- TASK DETAILS
Find the line containing "X127363746Y-108834031D01*" in the listing below. Repeat it exactly, along with each following line up to and including the one containing "X129374569Y-109093498D01*".
(TASK MATERIAL)
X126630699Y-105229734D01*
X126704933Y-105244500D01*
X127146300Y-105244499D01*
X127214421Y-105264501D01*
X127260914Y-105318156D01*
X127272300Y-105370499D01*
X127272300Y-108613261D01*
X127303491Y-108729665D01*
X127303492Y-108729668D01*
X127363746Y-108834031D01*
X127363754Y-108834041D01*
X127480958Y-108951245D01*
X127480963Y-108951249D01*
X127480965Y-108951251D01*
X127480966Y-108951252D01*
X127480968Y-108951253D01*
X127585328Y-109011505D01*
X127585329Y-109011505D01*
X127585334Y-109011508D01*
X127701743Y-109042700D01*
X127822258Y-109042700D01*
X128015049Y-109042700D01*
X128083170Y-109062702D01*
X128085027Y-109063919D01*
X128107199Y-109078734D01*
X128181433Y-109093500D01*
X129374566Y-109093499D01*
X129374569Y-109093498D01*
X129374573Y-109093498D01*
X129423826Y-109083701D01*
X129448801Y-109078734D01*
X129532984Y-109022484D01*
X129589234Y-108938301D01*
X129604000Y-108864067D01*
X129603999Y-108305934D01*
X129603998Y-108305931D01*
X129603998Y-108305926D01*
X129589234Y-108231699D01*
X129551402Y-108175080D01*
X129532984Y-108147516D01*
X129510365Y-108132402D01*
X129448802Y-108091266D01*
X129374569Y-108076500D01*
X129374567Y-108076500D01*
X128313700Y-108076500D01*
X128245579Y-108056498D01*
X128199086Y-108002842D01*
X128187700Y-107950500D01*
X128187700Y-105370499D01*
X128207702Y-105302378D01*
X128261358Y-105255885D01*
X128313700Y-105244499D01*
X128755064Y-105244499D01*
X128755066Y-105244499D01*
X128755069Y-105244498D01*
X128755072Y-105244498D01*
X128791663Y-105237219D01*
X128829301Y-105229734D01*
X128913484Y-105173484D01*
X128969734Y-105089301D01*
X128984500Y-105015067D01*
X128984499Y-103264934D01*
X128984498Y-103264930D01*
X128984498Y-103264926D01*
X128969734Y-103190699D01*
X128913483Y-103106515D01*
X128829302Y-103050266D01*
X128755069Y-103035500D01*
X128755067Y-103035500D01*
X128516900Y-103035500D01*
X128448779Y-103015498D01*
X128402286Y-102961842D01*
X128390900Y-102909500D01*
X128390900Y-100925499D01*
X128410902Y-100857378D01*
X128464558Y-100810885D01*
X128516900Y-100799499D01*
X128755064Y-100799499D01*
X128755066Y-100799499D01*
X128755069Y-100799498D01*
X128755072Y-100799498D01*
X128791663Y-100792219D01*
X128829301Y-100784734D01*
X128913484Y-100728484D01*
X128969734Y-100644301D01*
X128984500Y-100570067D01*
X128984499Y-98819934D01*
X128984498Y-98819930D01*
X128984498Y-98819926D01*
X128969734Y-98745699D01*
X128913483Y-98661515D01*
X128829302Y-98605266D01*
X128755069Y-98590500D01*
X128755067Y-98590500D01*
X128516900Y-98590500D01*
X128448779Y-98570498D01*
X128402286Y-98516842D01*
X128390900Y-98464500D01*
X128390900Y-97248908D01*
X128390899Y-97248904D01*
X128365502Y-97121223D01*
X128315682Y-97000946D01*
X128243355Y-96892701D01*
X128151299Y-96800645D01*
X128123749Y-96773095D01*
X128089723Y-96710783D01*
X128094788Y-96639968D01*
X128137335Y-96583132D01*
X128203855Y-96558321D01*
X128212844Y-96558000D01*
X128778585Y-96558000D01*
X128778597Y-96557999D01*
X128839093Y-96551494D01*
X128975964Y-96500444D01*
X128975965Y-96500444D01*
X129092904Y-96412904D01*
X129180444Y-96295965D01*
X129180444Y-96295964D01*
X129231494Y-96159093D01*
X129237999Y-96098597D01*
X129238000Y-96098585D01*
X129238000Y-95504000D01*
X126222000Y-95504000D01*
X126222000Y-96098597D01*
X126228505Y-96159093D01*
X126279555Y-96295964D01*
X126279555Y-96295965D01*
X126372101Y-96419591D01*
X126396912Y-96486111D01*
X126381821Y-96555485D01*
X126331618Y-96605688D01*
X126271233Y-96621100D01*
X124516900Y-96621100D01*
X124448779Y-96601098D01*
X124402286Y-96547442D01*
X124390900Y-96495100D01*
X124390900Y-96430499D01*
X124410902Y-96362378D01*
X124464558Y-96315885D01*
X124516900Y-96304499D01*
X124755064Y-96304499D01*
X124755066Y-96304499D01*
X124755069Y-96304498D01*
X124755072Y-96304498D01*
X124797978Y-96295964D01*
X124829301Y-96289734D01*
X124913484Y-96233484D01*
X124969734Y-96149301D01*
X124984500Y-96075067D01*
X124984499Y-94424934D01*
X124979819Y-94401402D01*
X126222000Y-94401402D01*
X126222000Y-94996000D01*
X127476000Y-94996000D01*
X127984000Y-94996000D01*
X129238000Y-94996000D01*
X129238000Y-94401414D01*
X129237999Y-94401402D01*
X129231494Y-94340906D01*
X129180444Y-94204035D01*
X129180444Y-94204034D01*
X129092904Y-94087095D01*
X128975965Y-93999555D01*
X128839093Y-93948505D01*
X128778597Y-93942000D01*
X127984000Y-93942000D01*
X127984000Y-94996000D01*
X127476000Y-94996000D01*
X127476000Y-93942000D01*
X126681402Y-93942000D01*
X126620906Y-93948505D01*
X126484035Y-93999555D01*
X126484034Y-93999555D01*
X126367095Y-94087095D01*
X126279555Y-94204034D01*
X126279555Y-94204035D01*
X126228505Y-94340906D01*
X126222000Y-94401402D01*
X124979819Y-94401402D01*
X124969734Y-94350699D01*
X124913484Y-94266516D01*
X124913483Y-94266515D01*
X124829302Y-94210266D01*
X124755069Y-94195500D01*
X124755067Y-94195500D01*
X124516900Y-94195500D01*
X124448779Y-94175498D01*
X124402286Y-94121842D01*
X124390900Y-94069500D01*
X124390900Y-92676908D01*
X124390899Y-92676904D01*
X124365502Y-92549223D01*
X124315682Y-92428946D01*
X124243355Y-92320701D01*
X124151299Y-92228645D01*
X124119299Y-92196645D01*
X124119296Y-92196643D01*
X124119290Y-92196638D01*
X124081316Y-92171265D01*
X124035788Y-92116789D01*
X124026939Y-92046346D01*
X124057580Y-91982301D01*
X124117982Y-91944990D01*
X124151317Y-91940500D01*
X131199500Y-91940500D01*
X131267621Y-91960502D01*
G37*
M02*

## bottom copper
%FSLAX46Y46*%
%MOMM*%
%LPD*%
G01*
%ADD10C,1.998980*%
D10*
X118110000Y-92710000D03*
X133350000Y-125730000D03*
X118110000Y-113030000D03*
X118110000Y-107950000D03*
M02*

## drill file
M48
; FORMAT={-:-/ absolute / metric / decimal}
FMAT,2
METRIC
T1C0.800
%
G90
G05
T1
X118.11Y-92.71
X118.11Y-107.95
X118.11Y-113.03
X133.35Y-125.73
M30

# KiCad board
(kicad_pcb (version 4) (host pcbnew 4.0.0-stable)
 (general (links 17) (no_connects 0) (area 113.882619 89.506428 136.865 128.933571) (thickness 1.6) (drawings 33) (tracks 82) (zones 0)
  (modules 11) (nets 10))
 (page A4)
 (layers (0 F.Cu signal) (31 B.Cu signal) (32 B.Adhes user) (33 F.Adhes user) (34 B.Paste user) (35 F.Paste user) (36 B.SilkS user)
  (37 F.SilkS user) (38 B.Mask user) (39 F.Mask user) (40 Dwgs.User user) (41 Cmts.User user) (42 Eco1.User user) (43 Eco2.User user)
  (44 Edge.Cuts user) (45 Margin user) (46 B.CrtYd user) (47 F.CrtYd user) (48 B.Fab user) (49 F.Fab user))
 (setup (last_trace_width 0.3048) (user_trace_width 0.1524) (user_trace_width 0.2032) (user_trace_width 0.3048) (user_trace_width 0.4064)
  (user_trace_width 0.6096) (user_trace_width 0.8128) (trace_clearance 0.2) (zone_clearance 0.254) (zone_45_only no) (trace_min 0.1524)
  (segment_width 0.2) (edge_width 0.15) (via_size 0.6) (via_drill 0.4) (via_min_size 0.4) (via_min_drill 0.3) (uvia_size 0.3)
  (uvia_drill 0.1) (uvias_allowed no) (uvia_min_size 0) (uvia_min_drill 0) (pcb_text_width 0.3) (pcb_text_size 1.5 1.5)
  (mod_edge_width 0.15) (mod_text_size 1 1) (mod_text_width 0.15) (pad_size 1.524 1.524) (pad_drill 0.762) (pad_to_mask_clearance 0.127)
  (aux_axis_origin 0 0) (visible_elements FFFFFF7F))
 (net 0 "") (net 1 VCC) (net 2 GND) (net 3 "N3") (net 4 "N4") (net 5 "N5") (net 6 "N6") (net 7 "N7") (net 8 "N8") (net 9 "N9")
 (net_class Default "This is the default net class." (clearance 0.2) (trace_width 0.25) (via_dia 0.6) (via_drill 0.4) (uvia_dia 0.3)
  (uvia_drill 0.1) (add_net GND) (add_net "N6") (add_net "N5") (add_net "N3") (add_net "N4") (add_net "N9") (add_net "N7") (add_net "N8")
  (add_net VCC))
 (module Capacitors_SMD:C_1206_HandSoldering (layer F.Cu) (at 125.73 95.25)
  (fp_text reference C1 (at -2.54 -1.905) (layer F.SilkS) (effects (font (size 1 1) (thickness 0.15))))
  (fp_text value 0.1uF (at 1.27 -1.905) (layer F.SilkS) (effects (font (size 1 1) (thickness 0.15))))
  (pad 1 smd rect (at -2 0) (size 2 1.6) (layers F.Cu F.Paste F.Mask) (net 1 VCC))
(End TASK MATERIAL)
- THE COMPLETED TASK
X127363746Y-108834031D01*
X127363754Y-108834041D01*
X127480958Y-108951245D01*
X127480963Y-108951249D01*
X127480965Y-108951251D01*
X127480966Y-108951252D01*
X127480968Y-108951253D01*
X127585328Y-109011505D01*
X127585329Y-109011505D01*
X127585334Y-109011508D01*
X127701743Y-109042700D01*
X127822258Y-109042700D01*
X128015049Y-109042700D01*
X128083170Y-109062702D01*
X128085027Y-109063919D01*
X128107199Y-109078734D01*
X128181433Y-109093500D01*
X129374566Y-109093499D01*
X129374569Y-109093498D01*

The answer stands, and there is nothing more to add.